Guest More than 1 year ago
I love movies of this time era. The way people dressed, lived, and the action scenes in this movie were great. I especially enjoyed this one because it was decent for everyone to enjoy(except for children 11yrs. and younger)
Guest More than 1 year ago
This is absolutely one of the worst movies that I have ever seen. This is the type of movie that could have been shown on Mystery Science Theater 3000. It is horribly acted, horribly written, horribly directed, horribly... well you get the idea. Just stay away from it unless you like to laugh at bad movies.

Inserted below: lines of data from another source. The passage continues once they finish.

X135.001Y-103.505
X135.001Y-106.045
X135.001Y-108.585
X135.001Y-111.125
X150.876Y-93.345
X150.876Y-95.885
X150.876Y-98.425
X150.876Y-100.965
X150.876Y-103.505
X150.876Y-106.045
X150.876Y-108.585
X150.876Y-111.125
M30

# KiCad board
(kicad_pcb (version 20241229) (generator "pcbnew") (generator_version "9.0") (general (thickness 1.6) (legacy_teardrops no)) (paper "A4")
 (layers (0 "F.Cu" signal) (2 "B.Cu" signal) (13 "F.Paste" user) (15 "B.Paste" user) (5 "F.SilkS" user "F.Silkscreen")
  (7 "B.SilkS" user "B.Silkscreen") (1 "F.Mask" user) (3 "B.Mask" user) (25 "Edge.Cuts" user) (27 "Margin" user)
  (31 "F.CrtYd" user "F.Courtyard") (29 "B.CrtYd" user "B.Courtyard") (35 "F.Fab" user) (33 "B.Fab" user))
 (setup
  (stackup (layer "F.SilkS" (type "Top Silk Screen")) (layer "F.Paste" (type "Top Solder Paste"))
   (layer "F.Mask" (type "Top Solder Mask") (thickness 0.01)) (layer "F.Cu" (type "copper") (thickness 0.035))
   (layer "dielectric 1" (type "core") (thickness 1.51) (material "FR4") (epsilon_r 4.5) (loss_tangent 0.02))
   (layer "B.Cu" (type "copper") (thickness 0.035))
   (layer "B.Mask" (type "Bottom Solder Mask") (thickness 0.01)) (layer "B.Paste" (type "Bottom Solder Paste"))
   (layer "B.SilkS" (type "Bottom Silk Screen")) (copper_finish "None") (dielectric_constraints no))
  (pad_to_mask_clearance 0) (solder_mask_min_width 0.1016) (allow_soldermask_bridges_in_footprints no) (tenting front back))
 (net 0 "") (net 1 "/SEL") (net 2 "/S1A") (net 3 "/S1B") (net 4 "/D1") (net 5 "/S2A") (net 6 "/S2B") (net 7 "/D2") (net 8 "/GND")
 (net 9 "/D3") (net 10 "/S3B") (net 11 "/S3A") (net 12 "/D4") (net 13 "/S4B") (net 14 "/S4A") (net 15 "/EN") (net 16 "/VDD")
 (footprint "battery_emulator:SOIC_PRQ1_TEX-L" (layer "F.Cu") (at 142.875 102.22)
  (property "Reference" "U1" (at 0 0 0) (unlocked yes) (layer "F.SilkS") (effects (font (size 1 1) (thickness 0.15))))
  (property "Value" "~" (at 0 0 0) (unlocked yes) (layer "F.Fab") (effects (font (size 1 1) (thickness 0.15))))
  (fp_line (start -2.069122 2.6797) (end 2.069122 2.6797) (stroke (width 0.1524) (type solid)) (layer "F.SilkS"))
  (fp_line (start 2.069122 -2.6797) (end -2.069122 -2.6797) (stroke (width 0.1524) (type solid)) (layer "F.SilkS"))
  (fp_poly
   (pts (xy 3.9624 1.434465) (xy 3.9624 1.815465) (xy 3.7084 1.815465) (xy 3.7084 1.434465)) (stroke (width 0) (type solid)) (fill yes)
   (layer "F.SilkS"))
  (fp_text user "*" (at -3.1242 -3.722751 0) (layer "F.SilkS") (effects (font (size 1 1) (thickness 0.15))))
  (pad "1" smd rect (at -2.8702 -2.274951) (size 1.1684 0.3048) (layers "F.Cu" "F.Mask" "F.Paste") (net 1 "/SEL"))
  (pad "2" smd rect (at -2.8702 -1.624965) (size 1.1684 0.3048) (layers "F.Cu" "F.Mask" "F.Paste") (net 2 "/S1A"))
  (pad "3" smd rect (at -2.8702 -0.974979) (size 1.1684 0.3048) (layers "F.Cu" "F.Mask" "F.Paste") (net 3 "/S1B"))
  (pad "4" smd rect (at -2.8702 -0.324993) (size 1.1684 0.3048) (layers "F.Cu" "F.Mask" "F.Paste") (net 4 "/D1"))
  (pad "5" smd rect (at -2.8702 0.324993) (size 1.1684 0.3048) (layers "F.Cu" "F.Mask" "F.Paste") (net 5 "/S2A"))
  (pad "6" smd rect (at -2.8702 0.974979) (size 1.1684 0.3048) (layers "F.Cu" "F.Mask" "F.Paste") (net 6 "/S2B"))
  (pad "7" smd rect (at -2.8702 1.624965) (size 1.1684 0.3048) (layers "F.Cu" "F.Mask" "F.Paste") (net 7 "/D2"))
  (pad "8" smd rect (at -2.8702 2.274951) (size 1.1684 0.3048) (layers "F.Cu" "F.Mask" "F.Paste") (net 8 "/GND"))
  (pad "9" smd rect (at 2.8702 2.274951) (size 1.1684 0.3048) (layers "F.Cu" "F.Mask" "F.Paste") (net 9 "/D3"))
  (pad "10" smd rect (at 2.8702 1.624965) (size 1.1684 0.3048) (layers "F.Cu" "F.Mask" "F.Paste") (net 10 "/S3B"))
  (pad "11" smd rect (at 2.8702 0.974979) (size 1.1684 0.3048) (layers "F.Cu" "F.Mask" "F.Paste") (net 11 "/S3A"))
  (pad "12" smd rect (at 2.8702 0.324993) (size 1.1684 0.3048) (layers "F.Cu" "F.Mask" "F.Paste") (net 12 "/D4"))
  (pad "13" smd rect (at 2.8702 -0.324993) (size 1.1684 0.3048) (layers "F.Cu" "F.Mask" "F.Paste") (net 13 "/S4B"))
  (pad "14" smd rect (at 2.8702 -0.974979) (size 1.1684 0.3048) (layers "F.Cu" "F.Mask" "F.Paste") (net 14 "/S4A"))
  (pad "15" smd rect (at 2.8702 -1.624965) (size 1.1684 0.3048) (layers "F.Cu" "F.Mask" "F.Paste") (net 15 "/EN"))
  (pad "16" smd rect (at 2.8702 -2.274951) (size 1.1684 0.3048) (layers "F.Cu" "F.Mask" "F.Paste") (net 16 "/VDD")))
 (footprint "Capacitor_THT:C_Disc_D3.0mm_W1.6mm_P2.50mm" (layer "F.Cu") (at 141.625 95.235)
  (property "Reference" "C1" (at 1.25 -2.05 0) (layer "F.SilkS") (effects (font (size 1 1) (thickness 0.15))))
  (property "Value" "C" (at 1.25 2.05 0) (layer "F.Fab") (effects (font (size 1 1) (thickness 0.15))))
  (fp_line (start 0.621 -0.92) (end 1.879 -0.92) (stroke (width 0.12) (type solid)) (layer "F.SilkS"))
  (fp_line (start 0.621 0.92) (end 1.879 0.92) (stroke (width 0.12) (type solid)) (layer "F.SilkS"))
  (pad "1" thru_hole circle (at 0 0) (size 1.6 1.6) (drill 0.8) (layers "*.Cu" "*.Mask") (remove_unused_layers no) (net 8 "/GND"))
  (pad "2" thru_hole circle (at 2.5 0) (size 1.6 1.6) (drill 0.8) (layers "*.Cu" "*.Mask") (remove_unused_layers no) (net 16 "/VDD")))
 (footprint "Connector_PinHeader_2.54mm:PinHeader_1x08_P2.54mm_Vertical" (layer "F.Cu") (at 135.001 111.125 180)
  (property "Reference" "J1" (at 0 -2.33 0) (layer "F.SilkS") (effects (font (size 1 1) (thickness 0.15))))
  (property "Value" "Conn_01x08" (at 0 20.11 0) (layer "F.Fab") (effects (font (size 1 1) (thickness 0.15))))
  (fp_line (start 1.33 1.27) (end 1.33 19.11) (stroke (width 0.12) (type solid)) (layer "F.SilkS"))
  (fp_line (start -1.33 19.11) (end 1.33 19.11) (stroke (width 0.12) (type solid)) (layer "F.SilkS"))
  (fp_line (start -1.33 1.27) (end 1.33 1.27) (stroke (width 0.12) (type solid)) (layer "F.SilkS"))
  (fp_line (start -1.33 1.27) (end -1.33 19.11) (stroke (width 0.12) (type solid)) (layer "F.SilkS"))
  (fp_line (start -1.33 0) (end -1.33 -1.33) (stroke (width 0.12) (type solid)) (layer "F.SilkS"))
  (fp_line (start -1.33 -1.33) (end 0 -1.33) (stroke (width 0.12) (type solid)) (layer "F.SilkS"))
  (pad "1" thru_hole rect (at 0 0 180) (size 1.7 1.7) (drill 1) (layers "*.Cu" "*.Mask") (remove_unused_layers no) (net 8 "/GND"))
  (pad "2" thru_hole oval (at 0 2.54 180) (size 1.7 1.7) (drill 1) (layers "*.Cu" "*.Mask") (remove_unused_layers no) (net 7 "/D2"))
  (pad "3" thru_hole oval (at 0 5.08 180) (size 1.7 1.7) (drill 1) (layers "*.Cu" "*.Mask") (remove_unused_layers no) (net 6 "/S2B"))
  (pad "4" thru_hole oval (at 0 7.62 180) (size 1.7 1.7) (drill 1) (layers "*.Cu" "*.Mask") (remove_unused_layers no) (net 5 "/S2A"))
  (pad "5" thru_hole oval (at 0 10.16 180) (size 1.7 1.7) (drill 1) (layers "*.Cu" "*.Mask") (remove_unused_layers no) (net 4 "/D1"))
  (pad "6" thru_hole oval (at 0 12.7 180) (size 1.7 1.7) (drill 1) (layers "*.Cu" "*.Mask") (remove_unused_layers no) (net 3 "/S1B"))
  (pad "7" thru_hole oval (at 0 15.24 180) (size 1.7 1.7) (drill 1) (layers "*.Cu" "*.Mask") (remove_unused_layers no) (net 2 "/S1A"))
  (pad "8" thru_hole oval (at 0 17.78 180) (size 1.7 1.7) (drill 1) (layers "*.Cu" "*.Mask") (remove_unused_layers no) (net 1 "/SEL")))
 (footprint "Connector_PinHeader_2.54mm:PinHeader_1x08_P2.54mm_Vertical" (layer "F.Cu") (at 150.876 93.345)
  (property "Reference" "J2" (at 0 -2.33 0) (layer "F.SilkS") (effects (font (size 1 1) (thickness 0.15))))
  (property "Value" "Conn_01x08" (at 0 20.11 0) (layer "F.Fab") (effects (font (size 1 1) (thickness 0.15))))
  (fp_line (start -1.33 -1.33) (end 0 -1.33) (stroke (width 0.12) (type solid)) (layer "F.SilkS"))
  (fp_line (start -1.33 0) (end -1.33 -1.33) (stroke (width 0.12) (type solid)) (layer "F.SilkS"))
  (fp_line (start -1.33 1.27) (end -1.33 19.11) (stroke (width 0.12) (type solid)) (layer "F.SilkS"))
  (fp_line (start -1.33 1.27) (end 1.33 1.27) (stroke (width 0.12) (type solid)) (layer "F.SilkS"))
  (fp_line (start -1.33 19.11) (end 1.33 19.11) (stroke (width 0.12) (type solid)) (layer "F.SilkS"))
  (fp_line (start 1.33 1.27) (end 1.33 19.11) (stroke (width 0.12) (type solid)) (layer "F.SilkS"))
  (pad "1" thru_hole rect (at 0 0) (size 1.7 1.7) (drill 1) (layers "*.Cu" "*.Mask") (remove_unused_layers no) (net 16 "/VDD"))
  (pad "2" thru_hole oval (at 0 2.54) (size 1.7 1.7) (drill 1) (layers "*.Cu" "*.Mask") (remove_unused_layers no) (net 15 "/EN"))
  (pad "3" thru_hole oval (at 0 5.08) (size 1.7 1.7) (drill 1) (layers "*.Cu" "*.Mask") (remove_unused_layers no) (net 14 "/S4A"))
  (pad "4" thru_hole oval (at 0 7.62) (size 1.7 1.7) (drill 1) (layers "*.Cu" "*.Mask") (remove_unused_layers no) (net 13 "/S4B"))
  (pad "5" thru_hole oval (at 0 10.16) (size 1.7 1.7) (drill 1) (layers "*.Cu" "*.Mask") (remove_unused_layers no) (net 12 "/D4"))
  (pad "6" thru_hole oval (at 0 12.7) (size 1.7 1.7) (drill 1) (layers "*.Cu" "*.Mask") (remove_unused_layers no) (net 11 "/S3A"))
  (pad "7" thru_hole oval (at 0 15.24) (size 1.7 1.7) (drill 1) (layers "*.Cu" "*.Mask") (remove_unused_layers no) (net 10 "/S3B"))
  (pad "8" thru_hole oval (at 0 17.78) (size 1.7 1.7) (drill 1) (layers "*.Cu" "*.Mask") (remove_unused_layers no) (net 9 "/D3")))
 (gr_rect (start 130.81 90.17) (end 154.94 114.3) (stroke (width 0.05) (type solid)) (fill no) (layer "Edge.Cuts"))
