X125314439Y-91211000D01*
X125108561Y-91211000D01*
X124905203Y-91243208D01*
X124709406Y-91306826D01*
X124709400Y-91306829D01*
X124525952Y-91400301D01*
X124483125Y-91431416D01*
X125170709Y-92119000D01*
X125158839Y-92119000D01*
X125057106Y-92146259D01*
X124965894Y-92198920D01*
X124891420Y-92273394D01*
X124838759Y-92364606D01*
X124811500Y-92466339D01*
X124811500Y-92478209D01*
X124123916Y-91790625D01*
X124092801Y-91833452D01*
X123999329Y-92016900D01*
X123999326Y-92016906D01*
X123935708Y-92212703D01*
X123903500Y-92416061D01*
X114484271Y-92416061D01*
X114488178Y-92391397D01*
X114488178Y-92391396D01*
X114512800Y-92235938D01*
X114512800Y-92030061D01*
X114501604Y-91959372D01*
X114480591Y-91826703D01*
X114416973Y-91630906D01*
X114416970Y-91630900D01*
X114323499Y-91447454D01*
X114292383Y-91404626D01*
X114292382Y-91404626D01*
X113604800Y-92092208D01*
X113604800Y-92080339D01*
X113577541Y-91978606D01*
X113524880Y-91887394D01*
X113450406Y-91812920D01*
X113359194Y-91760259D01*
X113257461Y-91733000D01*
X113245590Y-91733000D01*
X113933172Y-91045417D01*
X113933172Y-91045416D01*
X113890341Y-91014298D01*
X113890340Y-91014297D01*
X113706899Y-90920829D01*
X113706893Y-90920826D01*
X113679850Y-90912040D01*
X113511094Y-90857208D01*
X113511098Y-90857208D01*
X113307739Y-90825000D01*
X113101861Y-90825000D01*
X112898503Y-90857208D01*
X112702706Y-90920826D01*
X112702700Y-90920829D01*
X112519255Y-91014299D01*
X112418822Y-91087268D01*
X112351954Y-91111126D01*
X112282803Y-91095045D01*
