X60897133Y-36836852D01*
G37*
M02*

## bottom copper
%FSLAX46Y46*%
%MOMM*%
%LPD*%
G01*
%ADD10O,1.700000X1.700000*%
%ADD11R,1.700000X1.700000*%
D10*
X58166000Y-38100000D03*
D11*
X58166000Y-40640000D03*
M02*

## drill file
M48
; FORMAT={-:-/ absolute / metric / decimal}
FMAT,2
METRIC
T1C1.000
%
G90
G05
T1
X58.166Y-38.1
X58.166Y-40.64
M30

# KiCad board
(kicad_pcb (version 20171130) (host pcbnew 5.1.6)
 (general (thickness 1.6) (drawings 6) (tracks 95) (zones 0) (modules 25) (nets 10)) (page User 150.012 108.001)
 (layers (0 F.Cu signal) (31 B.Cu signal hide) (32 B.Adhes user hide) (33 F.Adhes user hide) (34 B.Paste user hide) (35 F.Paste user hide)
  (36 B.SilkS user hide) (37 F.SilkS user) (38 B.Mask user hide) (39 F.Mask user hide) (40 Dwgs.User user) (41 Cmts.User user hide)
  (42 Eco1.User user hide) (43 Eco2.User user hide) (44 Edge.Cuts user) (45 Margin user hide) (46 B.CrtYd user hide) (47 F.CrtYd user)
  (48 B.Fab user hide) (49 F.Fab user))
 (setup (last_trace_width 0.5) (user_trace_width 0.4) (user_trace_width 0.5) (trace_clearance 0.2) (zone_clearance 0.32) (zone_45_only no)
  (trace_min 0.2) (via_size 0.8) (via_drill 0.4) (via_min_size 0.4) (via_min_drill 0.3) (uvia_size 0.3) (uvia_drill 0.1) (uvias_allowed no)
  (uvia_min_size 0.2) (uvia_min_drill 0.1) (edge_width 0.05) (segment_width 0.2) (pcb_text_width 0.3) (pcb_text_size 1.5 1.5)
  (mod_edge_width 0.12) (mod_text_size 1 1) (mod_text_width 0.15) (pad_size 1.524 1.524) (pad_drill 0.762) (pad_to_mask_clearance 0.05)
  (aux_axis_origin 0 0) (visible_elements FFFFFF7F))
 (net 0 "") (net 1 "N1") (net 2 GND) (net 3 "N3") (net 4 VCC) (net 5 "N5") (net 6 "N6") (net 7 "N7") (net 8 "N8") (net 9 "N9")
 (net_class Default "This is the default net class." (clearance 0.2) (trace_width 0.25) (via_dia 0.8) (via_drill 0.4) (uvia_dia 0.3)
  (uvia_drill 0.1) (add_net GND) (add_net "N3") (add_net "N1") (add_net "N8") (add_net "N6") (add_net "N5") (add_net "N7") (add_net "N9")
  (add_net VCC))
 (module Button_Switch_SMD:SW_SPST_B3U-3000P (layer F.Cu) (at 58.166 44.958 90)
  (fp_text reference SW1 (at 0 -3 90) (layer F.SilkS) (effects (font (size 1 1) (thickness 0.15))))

Guest More than 1 year ago
The musketeer boasted unbelievable fight scenes that rival the Matrix. That may have been true, but the fighting style doesn't match with the setting. The musketeers did not use the martial arts in fighting. THey were more acustomed to a fencing style of sword fighting. Plus, many things do not make sense in the film. The lead character uses his pistol and a grapple hook to climb a building. To my knowledge, guns at that time were so inaccurate that it would be hard to shoot at a distance. And besides, a pistol ball fired from a primitive weapon, could not throw a grappling hook up the length of a building like that. He also speaks of finding horses a few kilometers up the road. That is odd. The metric system was not invented at the time or used as the legal measurement of France until 1799. The plot seems like no thought was put into it. We have seen this hundreds of times before. By the end of the movie, it seems like we haven't learned anything about the characters. Who are they? Where did they come from? What is their complete relationship with each other?